In the homepage in the external portion you can enter in your DNS server
Some commands to harden the router/network
Creating a new admin user (remove any other users that were already there)
/user add name=<new_admin_username> password=<new_admin_password> group=full
/user disable admin
/user print
/quit
Allow Established & Related Connections
/ip firewall filter add chain=forward connection-state=established,related action=accept comment="Allow Established & Related Connections"
Block exterior addresses that are spoofing a private ip
/ip firewall filter add chain=input src-address=10.0.0.0/8 in-interface=WAN action=drop comment="Block Bogus Private IPs from WAN"
/ip firewall filter add chain=input src-address=172.16.0.0/12 in-interface=WAN action=drop comment="Block Bogus Private IPs from WAN"
/ip firewall filter add chain=input src-address=192.168.0.0/16 in-interface=WAN action=drop comment="Block Bogus Private IPs from WAN"
Port forwaring CLI
/ip firewall nat add chain=dstnat protocol=<tcp/udp> dst-port=PORT_IN action=dst-nat to-addresses=LOCAL_IP to-ports=PORT_OUT
dst-address should either be the router or the machine but both need to be entered
Only allow internal network to access web console
/ip firewall filter add chain=input protocol=tcp dst-port=8080 src-address=!192.168.<team#>.0/24 action=drop
Allow external ping
/ip firewall filter add chain=input protocol=icmp action=accept
More firewall rules to possibly add to drop all direct access to ports that don't need port forwarding
/ip firewall filter
add chain=input protocol=tcp dst-port=80 action=accept comment="Allow HTTP"
add chain=input protocol=tcp dst-port=443 action=accept comment="Allow HTTPS"
add chain=input protocol=tcp dst-port=53 action=accept comment="Allow DNS TCP"

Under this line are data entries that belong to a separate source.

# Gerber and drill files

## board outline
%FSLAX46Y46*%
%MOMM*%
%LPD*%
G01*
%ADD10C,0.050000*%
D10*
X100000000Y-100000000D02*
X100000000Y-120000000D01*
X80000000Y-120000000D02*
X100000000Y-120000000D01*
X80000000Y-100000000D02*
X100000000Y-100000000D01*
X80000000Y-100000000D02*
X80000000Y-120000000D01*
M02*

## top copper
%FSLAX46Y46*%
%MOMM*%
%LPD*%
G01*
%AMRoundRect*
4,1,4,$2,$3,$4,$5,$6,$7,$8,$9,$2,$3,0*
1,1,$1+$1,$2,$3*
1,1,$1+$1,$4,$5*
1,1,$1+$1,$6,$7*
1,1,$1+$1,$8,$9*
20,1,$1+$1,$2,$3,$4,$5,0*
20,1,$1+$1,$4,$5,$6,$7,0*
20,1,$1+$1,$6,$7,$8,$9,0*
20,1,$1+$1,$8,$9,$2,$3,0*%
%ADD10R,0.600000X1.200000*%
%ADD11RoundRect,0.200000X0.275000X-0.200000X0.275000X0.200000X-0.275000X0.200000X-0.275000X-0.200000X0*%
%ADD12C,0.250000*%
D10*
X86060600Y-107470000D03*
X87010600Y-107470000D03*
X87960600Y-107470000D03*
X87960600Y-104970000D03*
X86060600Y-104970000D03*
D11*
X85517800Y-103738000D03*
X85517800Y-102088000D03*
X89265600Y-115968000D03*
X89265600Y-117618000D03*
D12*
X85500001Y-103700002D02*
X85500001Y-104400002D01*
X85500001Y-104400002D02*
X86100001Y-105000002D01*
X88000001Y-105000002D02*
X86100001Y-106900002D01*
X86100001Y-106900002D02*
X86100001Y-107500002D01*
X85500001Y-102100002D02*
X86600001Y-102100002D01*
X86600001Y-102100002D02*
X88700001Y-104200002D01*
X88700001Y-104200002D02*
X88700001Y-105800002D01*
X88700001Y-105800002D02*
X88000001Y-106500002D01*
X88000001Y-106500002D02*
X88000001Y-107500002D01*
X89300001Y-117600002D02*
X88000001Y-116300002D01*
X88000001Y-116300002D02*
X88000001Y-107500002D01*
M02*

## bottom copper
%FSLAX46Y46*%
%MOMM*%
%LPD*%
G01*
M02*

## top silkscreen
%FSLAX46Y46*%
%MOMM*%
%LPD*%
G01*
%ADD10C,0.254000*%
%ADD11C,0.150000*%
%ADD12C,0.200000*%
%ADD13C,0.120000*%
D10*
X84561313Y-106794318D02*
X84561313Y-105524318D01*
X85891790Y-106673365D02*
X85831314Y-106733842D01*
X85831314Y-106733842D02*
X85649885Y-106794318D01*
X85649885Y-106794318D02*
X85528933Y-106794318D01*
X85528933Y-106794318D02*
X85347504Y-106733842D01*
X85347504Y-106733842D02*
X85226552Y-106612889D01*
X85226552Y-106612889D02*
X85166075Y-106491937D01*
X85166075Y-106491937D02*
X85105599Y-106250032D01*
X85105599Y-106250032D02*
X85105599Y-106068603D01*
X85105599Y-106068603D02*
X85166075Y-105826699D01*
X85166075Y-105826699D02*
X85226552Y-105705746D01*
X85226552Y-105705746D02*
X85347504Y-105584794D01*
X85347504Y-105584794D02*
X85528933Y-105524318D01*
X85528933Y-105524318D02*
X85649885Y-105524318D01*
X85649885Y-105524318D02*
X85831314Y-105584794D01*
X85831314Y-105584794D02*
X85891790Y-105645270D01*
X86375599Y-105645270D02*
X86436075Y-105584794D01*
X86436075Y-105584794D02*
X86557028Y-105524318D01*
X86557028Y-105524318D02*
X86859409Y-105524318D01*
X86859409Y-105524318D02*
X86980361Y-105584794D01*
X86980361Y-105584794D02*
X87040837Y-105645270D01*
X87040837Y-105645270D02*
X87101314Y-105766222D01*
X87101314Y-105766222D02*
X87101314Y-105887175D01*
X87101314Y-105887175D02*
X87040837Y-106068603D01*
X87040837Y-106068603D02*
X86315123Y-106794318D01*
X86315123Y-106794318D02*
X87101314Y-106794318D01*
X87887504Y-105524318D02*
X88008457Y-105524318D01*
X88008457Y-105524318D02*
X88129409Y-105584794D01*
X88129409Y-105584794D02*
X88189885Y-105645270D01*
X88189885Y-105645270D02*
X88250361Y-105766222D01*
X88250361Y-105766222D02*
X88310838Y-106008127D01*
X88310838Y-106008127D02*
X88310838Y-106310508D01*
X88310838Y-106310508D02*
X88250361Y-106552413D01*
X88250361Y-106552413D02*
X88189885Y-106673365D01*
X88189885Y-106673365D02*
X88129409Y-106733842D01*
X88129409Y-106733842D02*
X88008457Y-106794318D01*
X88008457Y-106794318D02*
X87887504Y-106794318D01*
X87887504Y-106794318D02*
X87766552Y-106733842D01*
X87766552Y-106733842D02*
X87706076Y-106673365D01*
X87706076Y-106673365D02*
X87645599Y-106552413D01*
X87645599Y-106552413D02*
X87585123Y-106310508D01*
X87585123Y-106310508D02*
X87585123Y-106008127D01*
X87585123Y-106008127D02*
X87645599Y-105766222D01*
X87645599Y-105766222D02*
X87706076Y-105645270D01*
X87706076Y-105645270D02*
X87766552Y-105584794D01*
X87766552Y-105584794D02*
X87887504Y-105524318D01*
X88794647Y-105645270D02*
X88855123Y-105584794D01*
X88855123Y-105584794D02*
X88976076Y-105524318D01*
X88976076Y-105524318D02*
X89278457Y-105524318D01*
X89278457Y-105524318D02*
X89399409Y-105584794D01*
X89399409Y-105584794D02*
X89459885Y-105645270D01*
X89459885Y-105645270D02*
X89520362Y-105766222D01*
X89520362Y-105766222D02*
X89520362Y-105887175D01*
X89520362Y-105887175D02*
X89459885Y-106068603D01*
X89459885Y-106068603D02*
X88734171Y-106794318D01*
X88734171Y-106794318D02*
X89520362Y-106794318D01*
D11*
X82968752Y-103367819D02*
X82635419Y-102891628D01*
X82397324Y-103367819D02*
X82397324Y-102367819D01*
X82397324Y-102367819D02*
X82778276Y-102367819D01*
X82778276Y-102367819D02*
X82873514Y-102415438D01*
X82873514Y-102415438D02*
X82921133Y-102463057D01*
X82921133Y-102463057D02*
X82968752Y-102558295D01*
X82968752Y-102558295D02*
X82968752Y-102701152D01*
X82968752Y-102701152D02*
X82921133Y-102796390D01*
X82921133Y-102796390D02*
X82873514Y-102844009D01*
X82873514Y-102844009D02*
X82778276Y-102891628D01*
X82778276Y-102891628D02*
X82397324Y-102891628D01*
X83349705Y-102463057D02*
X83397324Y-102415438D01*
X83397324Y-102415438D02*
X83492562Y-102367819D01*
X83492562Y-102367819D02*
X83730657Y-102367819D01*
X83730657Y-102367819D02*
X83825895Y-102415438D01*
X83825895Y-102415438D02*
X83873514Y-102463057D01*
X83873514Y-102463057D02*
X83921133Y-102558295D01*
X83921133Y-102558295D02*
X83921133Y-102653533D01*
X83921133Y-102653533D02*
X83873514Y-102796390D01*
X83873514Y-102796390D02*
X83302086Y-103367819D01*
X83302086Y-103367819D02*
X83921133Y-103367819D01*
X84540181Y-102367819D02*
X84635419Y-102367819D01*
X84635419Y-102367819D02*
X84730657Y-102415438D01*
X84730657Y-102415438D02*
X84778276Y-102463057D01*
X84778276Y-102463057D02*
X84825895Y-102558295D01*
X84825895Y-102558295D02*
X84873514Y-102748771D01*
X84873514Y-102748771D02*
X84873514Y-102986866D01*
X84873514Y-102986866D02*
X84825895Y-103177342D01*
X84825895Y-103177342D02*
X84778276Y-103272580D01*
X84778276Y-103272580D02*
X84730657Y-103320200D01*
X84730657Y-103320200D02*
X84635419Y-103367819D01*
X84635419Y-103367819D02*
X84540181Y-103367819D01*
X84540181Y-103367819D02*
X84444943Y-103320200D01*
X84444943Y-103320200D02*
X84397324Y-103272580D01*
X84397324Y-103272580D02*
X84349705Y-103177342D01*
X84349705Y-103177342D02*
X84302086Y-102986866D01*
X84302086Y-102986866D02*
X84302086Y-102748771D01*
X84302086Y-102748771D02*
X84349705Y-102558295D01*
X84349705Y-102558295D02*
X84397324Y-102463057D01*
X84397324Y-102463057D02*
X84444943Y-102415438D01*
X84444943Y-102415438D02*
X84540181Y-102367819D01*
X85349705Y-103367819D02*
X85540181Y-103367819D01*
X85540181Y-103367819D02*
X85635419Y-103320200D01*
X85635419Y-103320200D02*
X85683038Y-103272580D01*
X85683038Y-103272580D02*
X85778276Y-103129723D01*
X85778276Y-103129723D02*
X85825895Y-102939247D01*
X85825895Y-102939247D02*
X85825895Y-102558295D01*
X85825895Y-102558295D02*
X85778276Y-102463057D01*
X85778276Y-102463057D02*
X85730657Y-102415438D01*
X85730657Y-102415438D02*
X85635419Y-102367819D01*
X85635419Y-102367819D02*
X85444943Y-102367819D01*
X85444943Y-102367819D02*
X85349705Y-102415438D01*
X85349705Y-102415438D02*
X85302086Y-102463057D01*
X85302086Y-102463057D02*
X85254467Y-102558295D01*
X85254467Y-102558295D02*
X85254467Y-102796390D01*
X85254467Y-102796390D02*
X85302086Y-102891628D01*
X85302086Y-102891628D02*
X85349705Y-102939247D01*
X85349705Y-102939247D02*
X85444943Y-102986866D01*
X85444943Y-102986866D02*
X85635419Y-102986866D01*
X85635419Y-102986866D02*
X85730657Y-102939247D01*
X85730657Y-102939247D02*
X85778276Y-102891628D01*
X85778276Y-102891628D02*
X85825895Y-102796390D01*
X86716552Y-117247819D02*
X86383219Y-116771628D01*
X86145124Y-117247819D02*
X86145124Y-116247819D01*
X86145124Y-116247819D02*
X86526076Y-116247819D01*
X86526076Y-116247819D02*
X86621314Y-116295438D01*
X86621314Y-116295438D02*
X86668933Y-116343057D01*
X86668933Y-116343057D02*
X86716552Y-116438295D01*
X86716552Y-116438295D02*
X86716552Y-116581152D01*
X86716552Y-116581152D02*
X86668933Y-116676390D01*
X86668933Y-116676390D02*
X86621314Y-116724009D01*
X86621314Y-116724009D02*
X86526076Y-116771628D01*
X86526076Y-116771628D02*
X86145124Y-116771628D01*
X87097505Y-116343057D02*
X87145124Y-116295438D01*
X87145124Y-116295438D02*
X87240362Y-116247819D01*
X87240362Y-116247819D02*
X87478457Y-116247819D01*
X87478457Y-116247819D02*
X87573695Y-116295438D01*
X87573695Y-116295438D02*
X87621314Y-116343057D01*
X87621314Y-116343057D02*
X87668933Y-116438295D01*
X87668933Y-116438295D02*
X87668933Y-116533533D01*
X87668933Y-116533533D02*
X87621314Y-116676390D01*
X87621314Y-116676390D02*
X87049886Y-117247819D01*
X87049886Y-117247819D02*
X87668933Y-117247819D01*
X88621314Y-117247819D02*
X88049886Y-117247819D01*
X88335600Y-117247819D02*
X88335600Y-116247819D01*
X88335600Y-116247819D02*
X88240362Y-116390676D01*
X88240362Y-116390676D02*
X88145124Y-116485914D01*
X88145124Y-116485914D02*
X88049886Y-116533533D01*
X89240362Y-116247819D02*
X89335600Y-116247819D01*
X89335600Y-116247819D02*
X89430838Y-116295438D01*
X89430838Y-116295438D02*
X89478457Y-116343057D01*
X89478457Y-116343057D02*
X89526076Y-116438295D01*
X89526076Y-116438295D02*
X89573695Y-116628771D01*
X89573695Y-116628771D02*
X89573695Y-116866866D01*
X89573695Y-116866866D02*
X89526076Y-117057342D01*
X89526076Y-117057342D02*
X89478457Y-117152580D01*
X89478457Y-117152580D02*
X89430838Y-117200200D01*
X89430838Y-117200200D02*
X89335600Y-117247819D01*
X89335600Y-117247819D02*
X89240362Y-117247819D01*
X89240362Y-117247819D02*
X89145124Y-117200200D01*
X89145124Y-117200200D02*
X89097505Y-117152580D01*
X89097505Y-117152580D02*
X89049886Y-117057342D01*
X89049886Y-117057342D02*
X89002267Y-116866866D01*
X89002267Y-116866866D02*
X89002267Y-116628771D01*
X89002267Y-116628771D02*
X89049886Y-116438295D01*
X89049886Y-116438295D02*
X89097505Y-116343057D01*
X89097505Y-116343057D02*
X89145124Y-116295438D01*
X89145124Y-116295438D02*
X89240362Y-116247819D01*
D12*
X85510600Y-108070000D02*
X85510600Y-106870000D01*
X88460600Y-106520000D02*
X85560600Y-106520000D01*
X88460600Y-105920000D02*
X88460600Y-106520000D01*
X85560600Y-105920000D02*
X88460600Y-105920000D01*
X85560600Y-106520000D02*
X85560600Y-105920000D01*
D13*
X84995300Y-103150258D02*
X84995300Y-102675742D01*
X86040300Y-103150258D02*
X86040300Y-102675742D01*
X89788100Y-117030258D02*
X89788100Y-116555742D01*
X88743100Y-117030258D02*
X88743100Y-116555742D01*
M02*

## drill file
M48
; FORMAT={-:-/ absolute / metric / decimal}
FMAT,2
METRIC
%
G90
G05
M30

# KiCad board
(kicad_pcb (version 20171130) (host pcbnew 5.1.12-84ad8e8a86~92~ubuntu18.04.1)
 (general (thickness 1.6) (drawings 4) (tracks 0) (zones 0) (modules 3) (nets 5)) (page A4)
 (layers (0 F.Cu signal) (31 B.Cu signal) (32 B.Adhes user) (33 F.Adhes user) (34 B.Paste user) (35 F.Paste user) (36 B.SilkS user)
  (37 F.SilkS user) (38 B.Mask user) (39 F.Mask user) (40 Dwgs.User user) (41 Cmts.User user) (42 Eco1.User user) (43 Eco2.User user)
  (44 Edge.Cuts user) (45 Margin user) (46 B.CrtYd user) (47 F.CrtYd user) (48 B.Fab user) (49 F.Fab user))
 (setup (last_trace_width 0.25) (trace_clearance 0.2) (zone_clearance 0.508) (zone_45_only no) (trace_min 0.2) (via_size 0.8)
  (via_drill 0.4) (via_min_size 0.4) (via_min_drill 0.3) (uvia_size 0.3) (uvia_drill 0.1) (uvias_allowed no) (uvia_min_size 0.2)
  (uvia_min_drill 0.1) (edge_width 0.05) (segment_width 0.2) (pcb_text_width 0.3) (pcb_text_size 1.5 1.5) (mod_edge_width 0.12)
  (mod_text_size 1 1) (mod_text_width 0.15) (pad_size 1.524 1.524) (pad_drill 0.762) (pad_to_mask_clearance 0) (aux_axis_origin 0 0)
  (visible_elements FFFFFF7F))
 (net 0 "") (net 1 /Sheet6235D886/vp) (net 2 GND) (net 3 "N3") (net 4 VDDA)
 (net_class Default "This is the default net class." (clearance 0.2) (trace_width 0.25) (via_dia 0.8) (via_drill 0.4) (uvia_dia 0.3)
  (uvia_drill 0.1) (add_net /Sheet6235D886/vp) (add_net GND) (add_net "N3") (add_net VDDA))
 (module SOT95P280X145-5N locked (layer F.Cu) (at 87.010600 106.220000 90.000000)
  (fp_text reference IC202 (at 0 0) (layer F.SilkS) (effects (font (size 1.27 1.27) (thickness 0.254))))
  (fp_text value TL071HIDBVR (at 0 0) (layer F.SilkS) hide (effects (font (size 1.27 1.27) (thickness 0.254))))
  (fp_line (start -1.85 -1.5) (end -0.65 -1.5) (layer F.SilkS) (width 0.2))
  (fp_line (start -0.3 1.45) (end -0.3 -1.45) (layer F.SilkS) (width 0.2))
  (fp_line (start 0.3 1.45) (end -0.3 1.45) (layer F.SilkS) (width 0.2))
  (fp_line (start 0.3 -1.45) (end 0.3 1.45) (layer F.SilkS) (width 0.2))
  (fp_line (start -0.3 -1.45) (end 0.3 -1.45) (layer F.SilkS) (width 0.2))
  (pad 1 smd rect (at -1.25 -0.95 180.000000) (size 0.6 1.2) (layers F.Cu F.Mask F.Paste) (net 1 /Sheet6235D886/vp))
  (pad 2 smd rect (at -1.25 0 180.000000) (size 0.6 1.2) (layers F.Cu F.Mask F.Paste) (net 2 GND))
  (pad 3 smd rect (at -1.25 0.95 180.000000) (size 0.6 1.2) (layers F.Cu F.Mask F.Paste) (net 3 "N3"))
  (pad 4 smd rect (at 1.25 0.95 180.000000) (size 0.6 1.2) (layers F.Cu F.Mask F.Paste) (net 1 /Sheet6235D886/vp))
  (pad 5 smd rect (at 1.25 -0.95 180.000000) (size 0.6 1.2) (layers F.Cu F.Mask F.Paste) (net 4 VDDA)))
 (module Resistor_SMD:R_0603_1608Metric (layer F.Cu) (at 85.517800 102.913000 90.000000)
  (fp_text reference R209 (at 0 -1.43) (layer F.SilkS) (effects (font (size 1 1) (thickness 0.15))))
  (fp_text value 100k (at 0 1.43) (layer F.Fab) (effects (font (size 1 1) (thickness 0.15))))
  (fp_line (start -0.237258 -0.5225) (end 0.237258 -0.5225) (layer F.SilkS) (width 0.12))
  (fp_line (start -0.237258 0.5225) (end 0.237258 0.5225) (layer F.SilkS) (width 0.12))
  (pad 1 smd roundrect (at -0.825 0 90.000000) (size 0.8 0.95) (layers F.Cu F.Mask F.Paste) (roundrect_rratio 0.25) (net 4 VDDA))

add chain=input protocol=udp dst-port=53 action=accept comment="Allow DNS UDP"
add chain=input in-interface=WAN_INTERFACE action=drop comment="Drop all other external traffic"
Stop excessive pings to prevent ping flooding (may need to adjust rate depending on scoring)
/ip firewall filter add chain=input protocol=icmp limit=5,5 action=accept comment="Limit ICMP to prevent abuse"
For all the forward drop commands make sure ports 53,80, and 443 can go out for downloads and scoring
/ip firewall filter
add chain=input protocol=tcp dst-port=!53,80,8080,5432 action=drop log=yes log-prefix="DROPPED INPUT TCP"
add chain=input protocol=udp dst-port=!53 action=drop log=yes log-prefix="DROPPED INPUT UDP"
/ip firewall filter
add chain=forward protocol=tcp dst-port=!53,80,443,5432 action=drop log=yes log-prefix="DROPPED FORWARD TCP"
add chain=forward protocol=udp dst-port=!53 action=drop log=yes log-prefix="DROPPED FORWARD UDP"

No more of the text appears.